Stored items:
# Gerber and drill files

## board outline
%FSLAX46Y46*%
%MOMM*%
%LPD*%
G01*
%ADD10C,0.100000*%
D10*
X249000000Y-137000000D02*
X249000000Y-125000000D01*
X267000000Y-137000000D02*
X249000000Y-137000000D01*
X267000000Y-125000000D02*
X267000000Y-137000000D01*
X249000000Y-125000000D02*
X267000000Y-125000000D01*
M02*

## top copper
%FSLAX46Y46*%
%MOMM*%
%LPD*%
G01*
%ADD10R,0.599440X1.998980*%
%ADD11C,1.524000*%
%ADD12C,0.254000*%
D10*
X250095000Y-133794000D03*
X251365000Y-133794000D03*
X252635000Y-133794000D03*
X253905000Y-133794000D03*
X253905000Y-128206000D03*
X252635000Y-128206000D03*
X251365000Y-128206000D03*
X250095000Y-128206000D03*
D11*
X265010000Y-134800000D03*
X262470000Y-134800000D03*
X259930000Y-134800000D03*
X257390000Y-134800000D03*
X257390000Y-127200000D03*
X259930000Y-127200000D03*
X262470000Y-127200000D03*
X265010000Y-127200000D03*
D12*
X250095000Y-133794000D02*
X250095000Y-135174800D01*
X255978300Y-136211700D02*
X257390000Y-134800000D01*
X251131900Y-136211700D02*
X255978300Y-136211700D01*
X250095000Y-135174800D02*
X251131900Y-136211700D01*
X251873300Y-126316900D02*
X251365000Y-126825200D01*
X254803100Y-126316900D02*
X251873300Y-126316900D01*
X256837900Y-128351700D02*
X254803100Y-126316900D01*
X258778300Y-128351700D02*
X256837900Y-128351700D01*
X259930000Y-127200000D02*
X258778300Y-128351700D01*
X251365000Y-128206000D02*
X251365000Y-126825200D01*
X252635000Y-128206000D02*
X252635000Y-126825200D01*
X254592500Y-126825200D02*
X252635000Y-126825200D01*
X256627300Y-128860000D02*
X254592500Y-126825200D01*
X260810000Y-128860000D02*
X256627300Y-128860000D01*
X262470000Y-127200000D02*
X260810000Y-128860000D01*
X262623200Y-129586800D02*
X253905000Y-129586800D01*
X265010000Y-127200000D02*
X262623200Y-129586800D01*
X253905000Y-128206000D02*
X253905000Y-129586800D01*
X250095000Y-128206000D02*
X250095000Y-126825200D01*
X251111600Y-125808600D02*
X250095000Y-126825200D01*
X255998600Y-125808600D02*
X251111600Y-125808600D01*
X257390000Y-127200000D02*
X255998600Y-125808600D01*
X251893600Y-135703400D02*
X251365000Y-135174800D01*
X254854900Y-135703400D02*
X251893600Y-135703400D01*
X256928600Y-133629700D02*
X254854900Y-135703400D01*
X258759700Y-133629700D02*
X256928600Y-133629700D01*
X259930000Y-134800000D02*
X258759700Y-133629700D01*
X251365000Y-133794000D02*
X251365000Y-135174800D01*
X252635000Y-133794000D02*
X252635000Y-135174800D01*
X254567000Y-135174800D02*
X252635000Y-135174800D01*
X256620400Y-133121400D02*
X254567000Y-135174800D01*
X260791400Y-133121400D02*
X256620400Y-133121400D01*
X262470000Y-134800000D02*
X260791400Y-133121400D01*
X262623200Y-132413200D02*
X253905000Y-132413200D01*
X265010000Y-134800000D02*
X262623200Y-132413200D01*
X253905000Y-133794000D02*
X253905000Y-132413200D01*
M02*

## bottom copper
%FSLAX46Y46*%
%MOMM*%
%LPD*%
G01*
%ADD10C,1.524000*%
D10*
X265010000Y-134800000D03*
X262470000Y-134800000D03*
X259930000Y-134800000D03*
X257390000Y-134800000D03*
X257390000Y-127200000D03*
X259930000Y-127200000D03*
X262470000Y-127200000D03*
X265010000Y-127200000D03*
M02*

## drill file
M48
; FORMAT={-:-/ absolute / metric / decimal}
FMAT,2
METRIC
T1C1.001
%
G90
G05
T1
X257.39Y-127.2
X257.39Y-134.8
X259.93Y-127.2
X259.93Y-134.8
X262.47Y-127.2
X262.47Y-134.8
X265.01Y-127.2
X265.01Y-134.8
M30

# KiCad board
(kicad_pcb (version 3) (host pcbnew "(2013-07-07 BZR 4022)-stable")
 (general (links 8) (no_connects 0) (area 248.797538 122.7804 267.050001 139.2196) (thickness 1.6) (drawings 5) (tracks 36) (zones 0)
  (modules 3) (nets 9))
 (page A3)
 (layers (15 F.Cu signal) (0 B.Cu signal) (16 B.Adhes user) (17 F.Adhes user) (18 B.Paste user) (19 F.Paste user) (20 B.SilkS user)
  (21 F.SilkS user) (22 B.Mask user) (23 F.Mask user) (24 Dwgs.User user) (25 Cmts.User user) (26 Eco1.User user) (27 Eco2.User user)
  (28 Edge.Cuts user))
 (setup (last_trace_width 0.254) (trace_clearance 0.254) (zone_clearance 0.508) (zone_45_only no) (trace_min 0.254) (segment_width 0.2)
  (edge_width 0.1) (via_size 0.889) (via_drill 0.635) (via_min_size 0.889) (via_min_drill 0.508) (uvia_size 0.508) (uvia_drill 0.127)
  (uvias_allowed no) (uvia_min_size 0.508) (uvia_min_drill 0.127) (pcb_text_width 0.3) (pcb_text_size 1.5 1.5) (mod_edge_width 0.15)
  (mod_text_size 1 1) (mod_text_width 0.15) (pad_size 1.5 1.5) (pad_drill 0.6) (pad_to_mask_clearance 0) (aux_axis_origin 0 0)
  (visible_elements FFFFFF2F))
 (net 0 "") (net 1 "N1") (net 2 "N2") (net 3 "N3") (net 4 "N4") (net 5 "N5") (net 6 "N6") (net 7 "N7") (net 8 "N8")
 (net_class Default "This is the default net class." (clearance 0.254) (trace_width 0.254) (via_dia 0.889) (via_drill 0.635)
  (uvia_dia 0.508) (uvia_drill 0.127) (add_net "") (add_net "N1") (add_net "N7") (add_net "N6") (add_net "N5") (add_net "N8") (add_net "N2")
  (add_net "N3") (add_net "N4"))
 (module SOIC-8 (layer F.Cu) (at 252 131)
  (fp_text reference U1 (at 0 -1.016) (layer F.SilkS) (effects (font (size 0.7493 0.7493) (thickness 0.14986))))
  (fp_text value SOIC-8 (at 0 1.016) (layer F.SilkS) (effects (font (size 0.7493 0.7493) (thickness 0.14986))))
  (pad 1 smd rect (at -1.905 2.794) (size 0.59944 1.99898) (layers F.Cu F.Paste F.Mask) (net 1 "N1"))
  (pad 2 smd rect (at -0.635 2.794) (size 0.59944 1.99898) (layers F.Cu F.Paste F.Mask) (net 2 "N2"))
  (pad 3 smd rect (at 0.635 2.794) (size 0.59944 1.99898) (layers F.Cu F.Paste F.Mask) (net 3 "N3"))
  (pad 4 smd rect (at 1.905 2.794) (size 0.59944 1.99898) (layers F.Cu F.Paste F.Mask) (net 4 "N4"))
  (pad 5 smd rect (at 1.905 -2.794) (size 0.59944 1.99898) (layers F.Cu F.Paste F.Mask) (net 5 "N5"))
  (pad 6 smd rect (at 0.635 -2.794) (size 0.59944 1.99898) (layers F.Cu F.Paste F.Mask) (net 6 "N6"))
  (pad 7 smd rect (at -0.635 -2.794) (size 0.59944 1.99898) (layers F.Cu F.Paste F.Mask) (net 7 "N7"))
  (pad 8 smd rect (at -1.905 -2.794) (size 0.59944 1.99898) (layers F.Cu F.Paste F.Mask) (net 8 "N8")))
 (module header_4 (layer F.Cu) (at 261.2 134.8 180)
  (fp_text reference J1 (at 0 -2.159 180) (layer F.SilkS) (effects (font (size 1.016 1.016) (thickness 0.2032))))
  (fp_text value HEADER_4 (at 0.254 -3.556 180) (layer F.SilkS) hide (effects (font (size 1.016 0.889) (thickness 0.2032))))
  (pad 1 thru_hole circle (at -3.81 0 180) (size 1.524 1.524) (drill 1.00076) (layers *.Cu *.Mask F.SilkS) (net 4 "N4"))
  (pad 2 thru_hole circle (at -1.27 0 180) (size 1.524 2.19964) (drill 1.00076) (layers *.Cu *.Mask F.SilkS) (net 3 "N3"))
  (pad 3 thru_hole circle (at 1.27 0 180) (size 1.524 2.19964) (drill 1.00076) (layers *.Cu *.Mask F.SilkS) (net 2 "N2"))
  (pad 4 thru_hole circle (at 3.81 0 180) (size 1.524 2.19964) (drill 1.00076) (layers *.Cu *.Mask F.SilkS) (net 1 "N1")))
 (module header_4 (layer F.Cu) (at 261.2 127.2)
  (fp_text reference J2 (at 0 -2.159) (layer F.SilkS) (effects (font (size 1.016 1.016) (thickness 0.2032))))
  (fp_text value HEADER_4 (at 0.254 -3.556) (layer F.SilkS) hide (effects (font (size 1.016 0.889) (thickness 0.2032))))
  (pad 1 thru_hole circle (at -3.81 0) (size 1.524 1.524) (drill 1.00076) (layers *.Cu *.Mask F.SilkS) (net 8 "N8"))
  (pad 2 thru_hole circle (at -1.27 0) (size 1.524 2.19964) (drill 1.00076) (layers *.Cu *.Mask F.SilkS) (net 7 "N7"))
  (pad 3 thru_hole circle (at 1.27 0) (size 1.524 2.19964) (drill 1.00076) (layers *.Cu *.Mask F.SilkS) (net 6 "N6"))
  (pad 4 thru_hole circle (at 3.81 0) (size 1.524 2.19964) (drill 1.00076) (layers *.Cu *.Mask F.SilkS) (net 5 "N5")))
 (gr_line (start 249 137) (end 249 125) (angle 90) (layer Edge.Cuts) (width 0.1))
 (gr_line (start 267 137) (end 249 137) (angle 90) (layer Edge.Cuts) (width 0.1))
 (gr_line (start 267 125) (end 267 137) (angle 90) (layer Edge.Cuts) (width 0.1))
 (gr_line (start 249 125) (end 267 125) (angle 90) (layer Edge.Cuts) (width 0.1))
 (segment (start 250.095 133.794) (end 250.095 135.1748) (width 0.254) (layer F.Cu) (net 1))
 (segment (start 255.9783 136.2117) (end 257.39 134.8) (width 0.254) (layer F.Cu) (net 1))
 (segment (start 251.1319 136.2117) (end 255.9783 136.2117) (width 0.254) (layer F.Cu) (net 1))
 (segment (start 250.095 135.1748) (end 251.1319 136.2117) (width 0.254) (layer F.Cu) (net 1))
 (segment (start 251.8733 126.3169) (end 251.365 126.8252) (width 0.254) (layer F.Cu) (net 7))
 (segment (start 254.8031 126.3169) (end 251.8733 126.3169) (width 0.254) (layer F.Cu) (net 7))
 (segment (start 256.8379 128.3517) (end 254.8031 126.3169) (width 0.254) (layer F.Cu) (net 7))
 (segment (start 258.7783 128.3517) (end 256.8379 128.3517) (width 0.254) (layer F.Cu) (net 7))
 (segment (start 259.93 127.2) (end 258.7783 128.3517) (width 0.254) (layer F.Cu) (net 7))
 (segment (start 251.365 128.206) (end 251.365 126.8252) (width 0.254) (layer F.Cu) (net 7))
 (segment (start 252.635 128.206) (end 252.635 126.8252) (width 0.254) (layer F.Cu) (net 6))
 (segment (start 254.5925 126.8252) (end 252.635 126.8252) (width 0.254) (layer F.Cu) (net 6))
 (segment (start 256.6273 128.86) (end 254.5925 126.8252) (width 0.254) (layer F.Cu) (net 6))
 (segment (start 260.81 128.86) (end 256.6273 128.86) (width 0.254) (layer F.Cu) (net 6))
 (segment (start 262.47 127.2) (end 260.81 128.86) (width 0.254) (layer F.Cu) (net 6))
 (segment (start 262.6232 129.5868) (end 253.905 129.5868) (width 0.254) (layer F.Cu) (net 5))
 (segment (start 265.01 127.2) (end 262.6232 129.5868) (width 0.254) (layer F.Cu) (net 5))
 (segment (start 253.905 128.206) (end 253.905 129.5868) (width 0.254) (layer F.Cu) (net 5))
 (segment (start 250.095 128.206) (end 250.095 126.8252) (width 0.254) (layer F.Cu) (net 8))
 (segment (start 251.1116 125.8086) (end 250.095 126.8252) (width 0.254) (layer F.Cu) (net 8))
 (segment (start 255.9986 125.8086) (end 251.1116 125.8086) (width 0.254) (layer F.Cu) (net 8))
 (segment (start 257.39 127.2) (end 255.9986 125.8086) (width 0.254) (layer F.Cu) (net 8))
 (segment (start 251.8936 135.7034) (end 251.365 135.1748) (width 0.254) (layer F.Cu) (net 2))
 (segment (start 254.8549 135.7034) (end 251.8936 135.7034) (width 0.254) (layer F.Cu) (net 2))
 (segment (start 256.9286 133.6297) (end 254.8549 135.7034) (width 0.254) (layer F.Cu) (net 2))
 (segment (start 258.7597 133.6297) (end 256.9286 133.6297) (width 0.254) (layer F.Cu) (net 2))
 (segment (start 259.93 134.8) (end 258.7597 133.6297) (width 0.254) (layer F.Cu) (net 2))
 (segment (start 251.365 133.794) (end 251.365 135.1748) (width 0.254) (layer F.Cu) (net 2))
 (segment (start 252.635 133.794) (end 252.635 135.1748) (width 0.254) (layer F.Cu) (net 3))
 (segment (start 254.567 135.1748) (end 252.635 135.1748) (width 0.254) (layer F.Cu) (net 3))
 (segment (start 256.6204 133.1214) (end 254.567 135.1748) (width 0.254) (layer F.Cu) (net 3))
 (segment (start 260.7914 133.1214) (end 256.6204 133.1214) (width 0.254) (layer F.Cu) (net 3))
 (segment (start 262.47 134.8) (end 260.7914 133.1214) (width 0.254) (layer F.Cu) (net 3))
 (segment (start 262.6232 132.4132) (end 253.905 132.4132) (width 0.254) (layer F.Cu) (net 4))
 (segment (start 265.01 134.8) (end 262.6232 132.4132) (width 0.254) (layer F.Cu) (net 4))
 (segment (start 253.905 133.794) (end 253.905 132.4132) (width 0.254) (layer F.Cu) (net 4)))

EXERCISE PROMPT:
Copy exactly the lines above, starting at the opening line and finishing at the line in which "X256837900Y-128351700D02*" occurs.

WRITTEN SOLUTION:
# Gerber and drill files

## board outline
%FSLAX46Y46*%
%MOMM*%
%LPD*%
G01*
%ADD10C,0.100000*%
D10*
X249000000Y-137000000D02*
X249000000Y-125000000D01*
X267000000Y-137000000D02*
X249000000Y-137000000D01*
X267000000Y-125000000D02*
X267000000Y-137000000D01*
X249000000Y-125000000D02*
X267000000Y-125000000D01*
M02*

## top copper
%FSLAX46Y46*%
%MOMM*%
%LPD*%
G01*
%ADD10R,0.599440X1.998980*%
%ADD11C,1.524000*%
%ADD12C,0.254000*%
D10*
X250095000Y-133794000D03*
X251365000Y-133794000D03*
X252635000Y-133794000D03*
X253905000Y-133794000D03*
X253905000Y-128206000D03*
X252635000Y-128206000D03*
X251365000Y-128206000D03*
X250095000Y-128206000D03*
D11*
X265010000Y-134800000D03*
X262470000Y-134800000D03*
X259930000Y-134800000D03*
X257390000Y-134800000D03*
X257390000Y-127200000D03*
X259930000Y-127200000D03*
X262470000Y-127200000D03*
X265010000Y-127200000D03*
D12*
X250095000Y-133794000D02*
X250095000Y-135174800D01*
X255978300Y-136211700D02*
X257390000Y-134800000D01*
X251131900Y-136211700D02*
X255978300Y-136211700D01*
X250095000Y-135174800D02*
X251131900Y-136211700D01*
X251873300Y-126316900D02*
X251365000Y-126825200D01*
X254803100Y-126316900D02*
X251873300Y-126316900D01*
X256837900Y-128351700D02*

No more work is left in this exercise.